Such hate was his on Solway's strand,

When vengeance clench'd his palsied hand,

That pointed yet to Scotland's land.-P. 135.

To establish his dominion in Scotland had been a favourite object of Edward's ambition, and nothing could exceed the pertinacity with which he pursued it, unless his inveterate resentment against the insurgents, who so frequently broke the English yoke when he deemed it most firmly rivetted. After the battles of Falkirk and Methven, and the dreadful examples which he had made of Wallace and other champions of national independence, he probably concluded every chance of insurrection was completely annihilated. This was in 1306, when Bruce, as we have seen, was utterly expelled from Scotland: yet, in the conclusion of the same year, Bruce was again in arms and formidable; and in 1307, Edward, though exhausted by a long and wasting malady, put himself at the head of the army destined to destroy him utterly.
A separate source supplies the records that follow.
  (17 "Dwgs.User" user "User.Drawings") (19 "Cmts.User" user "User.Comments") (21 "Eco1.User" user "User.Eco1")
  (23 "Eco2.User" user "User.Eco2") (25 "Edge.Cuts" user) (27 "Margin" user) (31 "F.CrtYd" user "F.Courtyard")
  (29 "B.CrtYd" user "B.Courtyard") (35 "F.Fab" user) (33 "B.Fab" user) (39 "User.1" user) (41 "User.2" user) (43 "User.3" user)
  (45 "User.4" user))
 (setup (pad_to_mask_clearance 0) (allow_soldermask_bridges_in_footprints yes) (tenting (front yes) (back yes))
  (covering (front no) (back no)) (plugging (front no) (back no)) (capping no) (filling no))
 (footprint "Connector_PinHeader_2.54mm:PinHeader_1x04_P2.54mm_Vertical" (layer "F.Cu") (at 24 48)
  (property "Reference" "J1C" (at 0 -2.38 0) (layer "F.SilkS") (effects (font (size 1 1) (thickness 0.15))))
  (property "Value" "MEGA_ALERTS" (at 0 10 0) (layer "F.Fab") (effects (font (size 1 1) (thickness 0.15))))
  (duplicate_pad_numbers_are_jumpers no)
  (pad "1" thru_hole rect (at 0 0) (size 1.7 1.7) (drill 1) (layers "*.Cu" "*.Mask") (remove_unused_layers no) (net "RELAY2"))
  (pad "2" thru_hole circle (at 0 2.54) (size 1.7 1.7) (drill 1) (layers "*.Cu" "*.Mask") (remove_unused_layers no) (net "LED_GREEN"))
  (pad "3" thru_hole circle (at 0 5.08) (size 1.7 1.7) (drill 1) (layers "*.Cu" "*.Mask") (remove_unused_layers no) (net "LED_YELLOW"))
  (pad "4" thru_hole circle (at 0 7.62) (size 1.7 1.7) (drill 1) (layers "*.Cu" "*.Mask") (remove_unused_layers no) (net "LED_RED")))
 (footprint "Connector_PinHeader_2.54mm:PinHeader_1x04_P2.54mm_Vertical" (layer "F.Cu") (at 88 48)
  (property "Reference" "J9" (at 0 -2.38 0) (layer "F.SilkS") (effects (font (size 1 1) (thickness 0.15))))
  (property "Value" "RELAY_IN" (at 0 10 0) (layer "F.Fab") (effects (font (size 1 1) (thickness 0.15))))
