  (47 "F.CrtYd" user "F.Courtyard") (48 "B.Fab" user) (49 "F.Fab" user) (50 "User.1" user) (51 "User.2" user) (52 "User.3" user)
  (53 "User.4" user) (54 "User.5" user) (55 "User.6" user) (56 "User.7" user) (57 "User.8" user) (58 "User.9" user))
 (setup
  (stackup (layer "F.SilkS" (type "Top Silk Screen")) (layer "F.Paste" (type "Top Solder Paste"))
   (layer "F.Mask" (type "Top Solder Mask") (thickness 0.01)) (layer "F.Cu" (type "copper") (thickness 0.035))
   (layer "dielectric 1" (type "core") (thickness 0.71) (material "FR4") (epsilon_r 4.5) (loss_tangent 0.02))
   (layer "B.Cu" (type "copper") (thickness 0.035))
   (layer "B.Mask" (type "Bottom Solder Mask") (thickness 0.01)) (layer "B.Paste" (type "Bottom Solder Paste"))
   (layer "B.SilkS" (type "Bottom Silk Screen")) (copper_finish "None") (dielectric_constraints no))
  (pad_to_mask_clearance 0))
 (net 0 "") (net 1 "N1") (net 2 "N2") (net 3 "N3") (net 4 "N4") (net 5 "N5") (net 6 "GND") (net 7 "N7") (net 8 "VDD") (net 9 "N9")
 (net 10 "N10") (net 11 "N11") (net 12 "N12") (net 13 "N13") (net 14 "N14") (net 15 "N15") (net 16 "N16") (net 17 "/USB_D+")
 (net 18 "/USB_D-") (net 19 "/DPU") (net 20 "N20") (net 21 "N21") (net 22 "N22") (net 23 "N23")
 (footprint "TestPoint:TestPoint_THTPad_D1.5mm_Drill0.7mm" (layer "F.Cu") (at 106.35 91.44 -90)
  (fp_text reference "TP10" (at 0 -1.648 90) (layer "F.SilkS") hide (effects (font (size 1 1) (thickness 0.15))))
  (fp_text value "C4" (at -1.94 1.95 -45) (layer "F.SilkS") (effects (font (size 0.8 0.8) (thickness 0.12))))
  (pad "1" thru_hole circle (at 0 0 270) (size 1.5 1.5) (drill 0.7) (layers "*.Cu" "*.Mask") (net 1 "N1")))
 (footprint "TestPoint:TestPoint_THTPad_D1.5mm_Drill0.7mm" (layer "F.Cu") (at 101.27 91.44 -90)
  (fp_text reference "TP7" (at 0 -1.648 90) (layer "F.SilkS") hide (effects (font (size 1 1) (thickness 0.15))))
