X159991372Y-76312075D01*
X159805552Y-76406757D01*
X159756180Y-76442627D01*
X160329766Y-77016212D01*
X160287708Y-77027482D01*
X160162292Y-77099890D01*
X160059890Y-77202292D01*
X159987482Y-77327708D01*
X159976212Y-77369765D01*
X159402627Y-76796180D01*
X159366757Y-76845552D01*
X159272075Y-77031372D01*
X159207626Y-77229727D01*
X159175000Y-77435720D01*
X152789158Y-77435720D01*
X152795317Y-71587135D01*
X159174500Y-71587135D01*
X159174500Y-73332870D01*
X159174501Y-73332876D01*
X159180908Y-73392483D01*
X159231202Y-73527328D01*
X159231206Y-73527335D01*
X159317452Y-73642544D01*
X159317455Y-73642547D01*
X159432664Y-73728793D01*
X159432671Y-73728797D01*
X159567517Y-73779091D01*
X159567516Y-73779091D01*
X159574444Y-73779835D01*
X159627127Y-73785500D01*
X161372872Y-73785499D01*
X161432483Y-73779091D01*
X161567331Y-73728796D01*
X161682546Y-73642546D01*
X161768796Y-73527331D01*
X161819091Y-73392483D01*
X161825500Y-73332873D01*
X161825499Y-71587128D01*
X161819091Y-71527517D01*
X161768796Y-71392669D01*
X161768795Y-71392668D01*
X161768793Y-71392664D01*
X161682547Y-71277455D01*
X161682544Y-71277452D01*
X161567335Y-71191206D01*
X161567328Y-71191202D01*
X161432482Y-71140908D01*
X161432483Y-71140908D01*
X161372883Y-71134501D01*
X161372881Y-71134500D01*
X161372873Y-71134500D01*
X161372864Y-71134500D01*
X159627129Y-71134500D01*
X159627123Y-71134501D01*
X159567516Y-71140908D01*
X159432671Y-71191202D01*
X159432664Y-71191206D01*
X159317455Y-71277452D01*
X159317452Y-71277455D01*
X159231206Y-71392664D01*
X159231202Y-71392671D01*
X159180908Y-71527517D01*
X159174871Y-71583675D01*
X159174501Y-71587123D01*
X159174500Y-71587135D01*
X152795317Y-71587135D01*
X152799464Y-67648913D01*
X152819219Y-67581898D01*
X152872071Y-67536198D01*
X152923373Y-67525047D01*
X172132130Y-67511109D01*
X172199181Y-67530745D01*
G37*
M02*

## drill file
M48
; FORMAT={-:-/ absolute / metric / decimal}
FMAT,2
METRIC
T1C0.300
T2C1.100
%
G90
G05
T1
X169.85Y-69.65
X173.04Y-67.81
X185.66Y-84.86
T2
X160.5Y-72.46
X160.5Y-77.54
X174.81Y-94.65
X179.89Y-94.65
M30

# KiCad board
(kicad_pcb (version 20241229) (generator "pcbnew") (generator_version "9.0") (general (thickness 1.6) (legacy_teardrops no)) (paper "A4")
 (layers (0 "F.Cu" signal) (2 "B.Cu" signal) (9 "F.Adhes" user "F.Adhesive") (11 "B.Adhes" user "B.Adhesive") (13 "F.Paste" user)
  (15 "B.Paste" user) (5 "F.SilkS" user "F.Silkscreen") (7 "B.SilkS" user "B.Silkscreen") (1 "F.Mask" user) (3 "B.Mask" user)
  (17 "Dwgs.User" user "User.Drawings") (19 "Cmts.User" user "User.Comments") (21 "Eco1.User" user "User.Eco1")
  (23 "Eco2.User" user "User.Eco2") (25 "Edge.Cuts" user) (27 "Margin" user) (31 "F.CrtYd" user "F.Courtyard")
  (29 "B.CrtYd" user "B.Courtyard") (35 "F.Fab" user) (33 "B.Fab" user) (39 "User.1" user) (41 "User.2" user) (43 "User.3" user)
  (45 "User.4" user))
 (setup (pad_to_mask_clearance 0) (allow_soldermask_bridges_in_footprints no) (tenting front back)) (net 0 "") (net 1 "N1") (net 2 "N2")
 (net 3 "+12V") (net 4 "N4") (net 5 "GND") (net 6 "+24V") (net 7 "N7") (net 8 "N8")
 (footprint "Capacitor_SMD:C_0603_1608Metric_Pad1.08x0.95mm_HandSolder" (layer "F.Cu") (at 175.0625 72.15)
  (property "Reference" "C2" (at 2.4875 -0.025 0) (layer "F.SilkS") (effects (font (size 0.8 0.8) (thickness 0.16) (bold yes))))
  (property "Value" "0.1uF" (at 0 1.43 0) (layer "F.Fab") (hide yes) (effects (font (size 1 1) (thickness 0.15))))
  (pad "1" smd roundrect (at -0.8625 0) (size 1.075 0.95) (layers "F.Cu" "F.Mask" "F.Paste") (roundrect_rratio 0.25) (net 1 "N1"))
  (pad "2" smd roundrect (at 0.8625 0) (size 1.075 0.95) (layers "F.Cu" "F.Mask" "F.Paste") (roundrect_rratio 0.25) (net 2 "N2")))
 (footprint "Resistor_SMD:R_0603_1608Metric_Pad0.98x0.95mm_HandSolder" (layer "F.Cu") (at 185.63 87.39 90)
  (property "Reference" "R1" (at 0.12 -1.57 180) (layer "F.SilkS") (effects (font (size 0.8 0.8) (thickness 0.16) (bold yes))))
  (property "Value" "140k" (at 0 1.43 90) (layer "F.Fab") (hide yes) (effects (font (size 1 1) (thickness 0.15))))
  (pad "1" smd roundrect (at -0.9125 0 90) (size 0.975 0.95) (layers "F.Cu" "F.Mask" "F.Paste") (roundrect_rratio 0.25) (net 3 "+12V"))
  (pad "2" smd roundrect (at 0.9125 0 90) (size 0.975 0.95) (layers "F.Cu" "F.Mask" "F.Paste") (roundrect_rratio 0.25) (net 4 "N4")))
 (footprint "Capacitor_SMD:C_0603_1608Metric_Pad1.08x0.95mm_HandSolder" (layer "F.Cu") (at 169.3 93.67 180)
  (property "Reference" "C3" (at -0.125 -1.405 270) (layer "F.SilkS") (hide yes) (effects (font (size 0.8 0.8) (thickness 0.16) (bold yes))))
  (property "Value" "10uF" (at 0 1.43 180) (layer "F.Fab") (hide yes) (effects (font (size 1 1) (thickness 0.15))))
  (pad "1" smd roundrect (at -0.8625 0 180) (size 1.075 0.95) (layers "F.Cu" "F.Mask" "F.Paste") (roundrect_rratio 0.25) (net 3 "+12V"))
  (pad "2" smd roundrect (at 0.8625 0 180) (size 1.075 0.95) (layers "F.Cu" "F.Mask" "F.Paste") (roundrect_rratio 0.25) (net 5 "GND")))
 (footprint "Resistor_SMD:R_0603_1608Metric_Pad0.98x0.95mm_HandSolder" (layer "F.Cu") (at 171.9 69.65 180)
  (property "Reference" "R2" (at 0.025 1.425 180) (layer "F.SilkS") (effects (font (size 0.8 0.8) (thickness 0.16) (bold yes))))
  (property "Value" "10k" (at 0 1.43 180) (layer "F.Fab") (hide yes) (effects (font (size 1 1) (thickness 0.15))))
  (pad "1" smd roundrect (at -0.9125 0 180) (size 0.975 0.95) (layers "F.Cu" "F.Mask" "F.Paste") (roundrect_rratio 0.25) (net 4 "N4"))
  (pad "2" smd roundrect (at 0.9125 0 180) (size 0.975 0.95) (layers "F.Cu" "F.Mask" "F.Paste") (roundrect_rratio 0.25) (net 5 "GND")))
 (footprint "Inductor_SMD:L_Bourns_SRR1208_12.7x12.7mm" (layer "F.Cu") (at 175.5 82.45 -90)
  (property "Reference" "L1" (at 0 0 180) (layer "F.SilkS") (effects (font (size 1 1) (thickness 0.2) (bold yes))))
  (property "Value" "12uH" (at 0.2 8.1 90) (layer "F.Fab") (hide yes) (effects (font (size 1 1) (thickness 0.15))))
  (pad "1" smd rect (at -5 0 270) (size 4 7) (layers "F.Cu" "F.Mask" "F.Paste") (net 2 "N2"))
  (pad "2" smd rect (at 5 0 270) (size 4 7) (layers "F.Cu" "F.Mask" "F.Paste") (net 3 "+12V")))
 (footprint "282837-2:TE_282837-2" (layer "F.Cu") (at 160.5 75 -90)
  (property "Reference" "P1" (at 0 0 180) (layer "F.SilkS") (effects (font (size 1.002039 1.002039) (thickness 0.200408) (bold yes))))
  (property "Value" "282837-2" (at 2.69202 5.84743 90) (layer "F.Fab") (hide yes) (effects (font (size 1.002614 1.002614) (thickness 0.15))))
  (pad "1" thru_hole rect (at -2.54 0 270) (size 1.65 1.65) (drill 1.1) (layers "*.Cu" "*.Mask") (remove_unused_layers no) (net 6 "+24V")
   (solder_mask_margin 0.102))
This was, perhaps, partly in consequence of a vow which he had taken upon him, with all the pomp of chivalry, upon the day in which he dubbed his son a knight, for which see a subsequent note. even his spirit of vengeance was unable to restore his exhausted strength. He reached Burgh-upon-Sands, a petty village of Cumberland, on the shores of the Solway Firth, and there, 6th July, 1307, expired in sight of the detested and devoted country of Scotland. His dying injunctions to his son required him to continue the Scottish war, and never to recall Gaveston. VOL. IX.

M

But

Edward II. disobeyed both charges. Yet more to mark his animosity, the dying monarch ordered his bones to be carried with the invading army. Froissart, who probably had the authority of eye-witnesses, has given us the following account of this remarkable charge :

"In the said forest, the old King Robert of Scotland dyd kepe hymselfe, whan Kyng Edward the Fyrst conquered nygh all Scotland; for he was so often chased, that none durst loge him in castell, nor fortresse, for feare of the sayd kyng.
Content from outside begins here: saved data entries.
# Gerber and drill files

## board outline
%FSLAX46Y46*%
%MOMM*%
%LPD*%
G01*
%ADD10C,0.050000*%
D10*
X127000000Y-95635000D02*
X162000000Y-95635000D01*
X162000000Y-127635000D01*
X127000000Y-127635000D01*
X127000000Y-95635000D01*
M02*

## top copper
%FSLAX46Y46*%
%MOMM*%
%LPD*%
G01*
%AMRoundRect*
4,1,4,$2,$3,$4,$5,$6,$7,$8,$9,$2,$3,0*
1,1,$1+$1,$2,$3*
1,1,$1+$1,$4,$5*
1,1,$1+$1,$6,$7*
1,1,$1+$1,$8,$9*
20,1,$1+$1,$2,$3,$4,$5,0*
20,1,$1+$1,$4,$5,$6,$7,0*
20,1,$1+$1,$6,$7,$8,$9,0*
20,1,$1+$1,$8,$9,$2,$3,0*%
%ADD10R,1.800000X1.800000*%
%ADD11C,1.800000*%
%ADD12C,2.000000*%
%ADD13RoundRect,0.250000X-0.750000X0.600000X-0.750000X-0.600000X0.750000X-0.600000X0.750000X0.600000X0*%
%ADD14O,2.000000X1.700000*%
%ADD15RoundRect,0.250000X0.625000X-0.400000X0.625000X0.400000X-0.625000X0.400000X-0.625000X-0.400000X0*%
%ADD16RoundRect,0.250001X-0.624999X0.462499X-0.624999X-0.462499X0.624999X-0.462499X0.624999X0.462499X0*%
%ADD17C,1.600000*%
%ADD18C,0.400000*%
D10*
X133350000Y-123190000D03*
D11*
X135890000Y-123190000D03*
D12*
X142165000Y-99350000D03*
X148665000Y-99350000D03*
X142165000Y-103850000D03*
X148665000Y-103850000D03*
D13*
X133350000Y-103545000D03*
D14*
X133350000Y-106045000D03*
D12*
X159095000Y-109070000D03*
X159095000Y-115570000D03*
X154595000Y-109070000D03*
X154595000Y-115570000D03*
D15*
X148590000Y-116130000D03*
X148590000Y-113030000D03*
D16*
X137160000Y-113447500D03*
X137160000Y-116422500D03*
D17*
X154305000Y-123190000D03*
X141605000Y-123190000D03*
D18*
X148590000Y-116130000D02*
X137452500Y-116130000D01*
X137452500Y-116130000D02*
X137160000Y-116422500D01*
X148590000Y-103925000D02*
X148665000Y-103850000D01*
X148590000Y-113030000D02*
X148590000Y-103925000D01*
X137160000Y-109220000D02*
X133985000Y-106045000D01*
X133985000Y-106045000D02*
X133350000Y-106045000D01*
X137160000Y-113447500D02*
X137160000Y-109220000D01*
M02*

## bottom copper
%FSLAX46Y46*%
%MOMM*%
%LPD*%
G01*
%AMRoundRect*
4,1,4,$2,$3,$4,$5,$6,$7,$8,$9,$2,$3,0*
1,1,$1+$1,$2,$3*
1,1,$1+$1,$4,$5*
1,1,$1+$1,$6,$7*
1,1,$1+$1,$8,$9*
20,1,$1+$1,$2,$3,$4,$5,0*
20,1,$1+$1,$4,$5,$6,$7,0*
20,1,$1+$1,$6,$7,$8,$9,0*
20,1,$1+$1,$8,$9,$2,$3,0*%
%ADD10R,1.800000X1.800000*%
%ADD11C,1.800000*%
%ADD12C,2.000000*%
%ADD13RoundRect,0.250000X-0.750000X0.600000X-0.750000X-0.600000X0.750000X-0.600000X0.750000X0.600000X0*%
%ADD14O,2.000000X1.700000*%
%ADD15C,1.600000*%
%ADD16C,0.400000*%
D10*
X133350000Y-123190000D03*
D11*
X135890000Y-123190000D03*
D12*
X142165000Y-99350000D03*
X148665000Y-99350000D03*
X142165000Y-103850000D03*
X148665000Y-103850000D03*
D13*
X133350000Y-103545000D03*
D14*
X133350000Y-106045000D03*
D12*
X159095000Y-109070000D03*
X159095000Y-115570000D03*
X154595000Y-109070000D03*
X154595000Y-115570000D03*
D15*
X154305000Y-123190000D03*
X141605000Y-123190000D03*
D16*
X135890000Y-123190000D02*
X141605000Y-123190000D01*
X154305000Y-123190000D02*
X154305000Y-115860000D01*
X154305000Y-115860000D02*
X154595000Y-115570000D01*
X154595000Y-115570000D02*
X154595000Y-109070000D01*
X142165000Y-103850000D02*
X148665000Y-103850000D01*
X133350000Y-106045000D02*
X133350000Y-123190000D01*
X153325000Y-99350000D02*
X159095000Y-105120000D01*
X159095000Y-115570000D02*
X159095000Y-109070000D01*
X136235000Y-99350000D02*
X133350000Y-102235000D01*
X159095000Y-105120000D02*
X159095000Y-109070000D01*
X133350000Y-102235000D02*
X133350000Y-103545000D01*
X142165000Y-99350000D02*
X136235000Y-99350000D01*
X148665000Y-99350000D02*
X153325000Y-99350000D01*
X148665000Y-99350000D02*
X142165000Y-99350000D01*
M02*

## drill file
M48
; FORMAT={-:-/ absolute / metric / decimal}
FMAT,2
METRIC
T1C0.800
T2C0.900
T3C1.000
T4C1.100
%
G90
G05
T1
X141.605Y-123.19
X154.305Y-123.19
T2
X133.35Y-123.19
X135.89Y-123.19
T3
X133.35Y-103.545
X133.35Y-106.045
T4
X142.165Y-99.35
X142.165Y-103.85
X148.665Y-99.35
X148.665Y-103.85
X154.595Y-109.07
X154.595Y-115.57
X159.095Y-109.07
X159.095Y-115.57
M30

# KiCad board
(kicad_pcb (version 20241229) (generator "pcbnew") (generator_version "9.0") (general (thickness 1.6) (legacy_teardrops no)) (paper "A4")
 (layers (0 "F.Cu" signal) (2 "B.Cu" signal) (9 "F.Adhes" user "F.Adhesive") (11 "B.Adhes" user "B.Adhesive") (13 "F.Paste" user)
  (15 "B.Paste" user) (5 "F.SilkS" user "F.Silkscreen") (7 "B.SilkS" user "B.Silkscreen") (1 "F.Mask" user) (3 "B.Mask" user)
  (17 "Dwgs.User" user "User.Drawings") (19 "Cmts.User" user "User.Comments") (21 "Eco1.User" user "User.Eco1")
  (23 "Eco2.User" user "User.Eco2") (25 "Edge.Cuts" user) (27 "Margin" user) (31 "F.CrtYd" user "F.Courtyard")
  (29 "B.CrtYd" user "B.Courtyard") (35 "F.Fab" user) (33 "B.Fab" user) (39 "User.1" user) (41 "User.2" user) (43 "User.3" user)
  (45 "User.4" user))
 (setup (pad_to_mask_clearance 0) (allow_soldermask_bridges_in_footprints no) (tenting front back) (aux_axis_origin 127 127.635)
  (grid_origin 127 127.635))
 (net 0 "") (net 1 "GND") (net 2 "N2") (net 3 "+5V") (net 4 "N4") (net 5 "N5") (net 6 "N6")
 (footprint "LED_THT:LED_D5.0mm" (layer "F.Cu") (at 133.35 123.19)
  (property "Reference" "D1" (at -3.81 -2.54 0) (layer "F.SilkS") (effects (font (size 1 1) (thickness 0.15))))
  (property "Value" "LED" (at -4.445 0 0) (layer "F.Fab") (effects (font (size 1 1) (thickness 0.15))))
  (pad "1" thru_hole rect (at 0 0) (size 1.8 1.8) (drill 0.9) (layers "*.Cu" "*.Mask") (remove_unused_layers no) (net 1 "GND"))
  (pad "2" thru_hole circle (at 2.54 0) (size 1.8 1.8) (drill 0.9) (layers "*.Cu" "*.Mask") (remove_unused_layers no) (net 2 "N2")))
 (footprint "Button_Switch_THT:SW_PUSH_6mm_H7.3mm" (layer "F.Cu") (at 142.165 99.35)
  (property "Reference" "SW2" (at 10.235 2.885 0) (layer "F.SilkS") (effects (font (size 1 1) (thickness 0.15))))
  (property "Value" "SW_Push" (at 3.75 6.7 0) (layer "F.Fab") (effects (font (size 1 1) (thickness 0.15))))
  (pad "1" thru_hole circle (at 0 0 90) (size 2 2) (drill 1.1) (layers "*.Cu" "*.Mask") (remove_unused_layers no) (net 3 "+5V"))
  (pad "1" thru_hole circle (at 6.5 0 90) (size 2 2) (drill 1.1) (layers "*.Cu" "*.Mask") (remove_unused_layers no) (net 3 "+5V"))
  (pad "2" thru_hole circle (at 0 4.5 90) (size 2 2) (drill 1.1) (layers "*.Cu" "*.Mask") (remove_unused_layers no) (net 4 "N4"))
  (pad "2" thru_hole circle (at 6.5 4.5 90) (size 2 2) (drill 1.1) (layers "*.Cu" "*.Mask") (remove_unused_layers no) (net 4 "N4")))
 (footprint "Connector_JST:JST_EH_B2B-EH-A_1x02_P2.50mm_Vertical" (layer "F.Cu") (at 133.35 103.545 -90)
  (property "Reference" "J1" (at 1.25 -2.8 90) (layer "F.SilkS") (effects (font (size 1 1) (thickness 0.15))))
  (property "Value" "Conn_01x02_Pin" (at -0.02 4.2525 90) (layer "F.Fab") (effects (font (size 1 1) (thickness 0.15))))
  (pad "1" thru_hole roundrect (at 0 0 270) (size 1.7 2) (drill 1) (layers "*.Cu" "*.Mask") (remove_unused_layers no)
   (roundrect_rratio 0.147059) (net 3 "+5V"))
  (pad "2" thru_hole oval (at 2.5 0 270) (size 1.7 2) (drill 1) (layers "*.Cu" "*.Mask") (remove_unused_layers no) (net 1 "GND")))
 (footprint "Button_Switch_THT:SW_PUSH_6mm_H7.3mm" (layer "F.Cu") (at 159.095 109.07 -90)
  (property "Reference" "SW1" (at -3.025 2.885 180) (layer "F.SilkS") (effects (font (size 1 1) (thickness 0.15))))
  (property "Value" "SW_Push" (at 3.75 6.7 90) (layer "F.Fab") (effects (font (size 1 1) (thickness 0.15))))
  (pad "1" thru_hole circle (at 0 0) (size 2 2) (drill 1.1) (layers "*.Cu" "*.Mask") (remove_unused_layers no) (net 3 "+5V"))
  (pad "1" thru_hole circle (at 6.5 0) (size 2 2) (drill 1.1) (layers "*.Cu" "*.Mask") (remove_unused_layers no) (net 3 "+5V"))
  (pad "2" thru_hole circle (at 0 4.5) (size 2 2) (drill 1.1) (layers "*.Cu" "*.Mask") (remove_unused_layers no) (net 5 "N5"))
  (pad "2" thru_hole circle (at 6.5 4.5) (size 2 2) (drill 1.1) (layers "*.Cu" "*.Mask") (remove_unused_layers no) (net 5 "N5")))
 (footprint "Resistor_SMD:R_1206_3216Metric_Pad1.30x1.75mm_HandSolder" (layer "F.Cu") (at 148.59 114.58 90)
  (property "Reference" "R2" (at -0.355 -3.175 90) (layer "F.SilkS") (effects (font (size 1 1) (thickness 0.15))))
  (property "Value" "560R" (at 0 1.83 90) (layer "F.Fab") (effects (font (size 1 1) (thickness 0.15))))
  (pad "1" smd roundrect (at -1.55 0 90) (size 1.3 1.75) (layers "F.Cu" "F.Mask" "F.Paste") (roundrect_rratio 0.192308) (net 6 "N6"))
  (pad "2" smd roundrect (at 1.55 0 90) (size 1.3 1.75) (layers "F.Cu" "F.Mask" "F.Paste") (roundrect_rratio 0.192308) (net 4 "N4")))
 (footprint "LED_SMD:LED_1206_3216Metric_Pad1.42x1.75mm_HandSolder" (layer "F.Cu") (at 137.16 114.935 -90)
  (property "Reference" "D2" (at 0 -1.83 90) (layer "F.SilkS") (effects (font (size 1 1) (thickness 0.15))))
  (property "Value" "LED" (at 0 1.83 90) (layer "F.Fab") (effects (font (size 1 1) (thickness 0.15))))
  (pad "1" smd roundrect (at -1.4875 0 270) (size 1.425 1.75) (layers "F.Cu" "F.Mask" "F.Paste") (roundrect_rratio 0.175439) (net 1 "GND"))
  (pad "2" smd roundrect (at 1.4875 0 270) (size 1.425 1.75) (layers "F.Cu" "F.Mask" "F.Paste") (roundrect_rratio 0.175439) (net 6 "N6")))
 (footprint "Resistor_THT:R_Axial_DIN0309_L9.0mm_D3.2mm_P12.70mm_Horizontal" (layer "F.Cu") (at 154.305 123.19 180)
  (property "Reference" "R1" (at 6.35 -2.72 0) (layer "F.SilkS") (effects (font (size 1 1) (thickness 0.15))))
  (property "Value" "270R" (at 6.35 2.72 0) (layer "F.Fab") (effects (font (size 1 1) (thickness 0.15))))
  (pad "1" thru_hole circle (at 0 0 180) (size 1.6 1.6) (drill 0.8) (layers "*.Cu" "*.Mask") (remove_unused_layers no) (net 5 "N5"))
  (pad "2" thru_hole circle (at 12.7 0 180) (size 1.6 1.6) (drill 0.8) (layers "*.Cu" "*.Mask") (remove_unused_layers no) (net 2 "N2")))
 (gr_rect (start 127 95.635) (end 162 127.635) (stroke (width 0.05) (type solid)) (fill no) (layer "Edge.Cuts"))
 (segment (start 135.89 123.19) (end 141.605 123.19) (width 0.4) (layer "B.Cu") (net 2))
 (segment (start 148.59 116.13) (end 137.4525 116.13) (width 0.4) (layer "F.Cu") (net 6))
 (segment (start 137.4525 116.13) (end 137.16 116.4225) (width 0.4) (layer "F.Cu") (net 6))
 (segment (start 154.305 123.19) (end 154.305 115.86) (width 0.4) (layer "B.Cu") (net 5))
 (segment (start 154.305 115.86) (end 154.595 115.57) (width 0.4) (layer "B.Cu") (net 5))
 (segment (start 154.595 115.57) (end 154.595 109.07) (width 0.4) (layer "B.Cu") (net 5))
 (segment (start 148.59 103.925) (end 148.665 103.85) (width 0.4) (layer "F.Cu") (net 4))
 (segment (start 148.59 113.03) (end 148.59 103.925) (width 0.4) (layer "F.Cu") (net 4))
 (segment (start 142.165 103.85) (end 148.665 103.85) (width 0.4) (layer "B.Cu") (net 4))
 (segment (start 137.16 109.22) (end 133.985 106.045) (width 0.4) (layer "F.Cu") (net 1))
 (segment (start 133.985 106.045) (end 133.35 106.045) (width 0.4) (layer "F.Cu") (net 1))
 (segment (start 137.16 113.4475) (end 137.16 109.22) (width 0.4) (layer "F.Cu") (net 1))
 (segment (start 133.35 106.045) (end 133.35 123.19) (width 0.4) (layer "B.Cu") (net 1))
 (segment (start 153.325 99.35) (end 159.095 105.12) (width 0.4) (layer "B.Cu") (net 3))
 (segment (start 159.095 115.57) (end 159.095 109.07) (width 0.4) (layer "B.Cu") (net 3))
 (segment (start 136.235 99.35) (end 133.35 102.235) (width 0.4) (layer "B.Cu") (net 3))
 (segment (start 159.095 105.12) (end 159.095 109.07) (width 0.4) (layer "B.Cu") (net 3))
 (segment (start 133.35 102.235) (end 133.35 103.545) (width 0.4) (layer "B.Cu") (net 3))
 (segment (start 142.165 99.35) (end 136.235 99.35) (width 0.4) (layer "B.Cu") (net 3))
 (segment (start 148.665 99.35) (end 153.325 99.35) (width 0.4) (layer "B.Cu") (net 3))
 (segment (start 148.665 99.35) (end 142.165 99.35) (width 0.4) (layer "B.Cu") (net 3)))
"And ever whan the king was returned into Ingland, than he would gather together agayn his people, and conquere townes, castells, and fortresses, iuste to Berwick, some by battle, and some by fair speech and love: and when the said King Edward heard thereof, than would he assemble his power, and wyn the realme of Scotland again; thus the chance went between these two forsaid kings. It was shewed me, how that this King Robert wan and lost his realme v. times. So this continued till the said King Edward died at Berwick and when he saw that he should die, he called before him his eldest son, who was king after him, and there, before all the barones, he caused him to swear, that as soon as he were dead, that he should take his body, and boyle it in a cauldron, till the flesh departed clean from the bones, and than to bury the flesh, and keep still the bones; and that as often as the Scotts should rebell against him, he should assemble the people against them, and cary with him the bones of his father; for he believed verily, that if they had his bones with them, that the Scotts should never attain any victory against them. The

which thing was not accomplished, for when the king died his son carried him to London."-BERNERS' FROISSART's Chronicle, London, 1812, pp. 39, 40.

Edward's commands were not obeyed, for he was interred in Westminster-Abbey, with the appropriate inscription :"EDWARDUS PRIMUS, SCOTORUM MALLEUS, HIC EST. PACTUM SERVA." Yet some steps seem to have been taken towards rendering his body capable of occasional transportation, for it was exquisitely embalmed, as was ascertained when his tomb was opened some years ago. Edward II. judged wisely in not carrying the dead body of his father into Scotland, since he would not obey his living counsels.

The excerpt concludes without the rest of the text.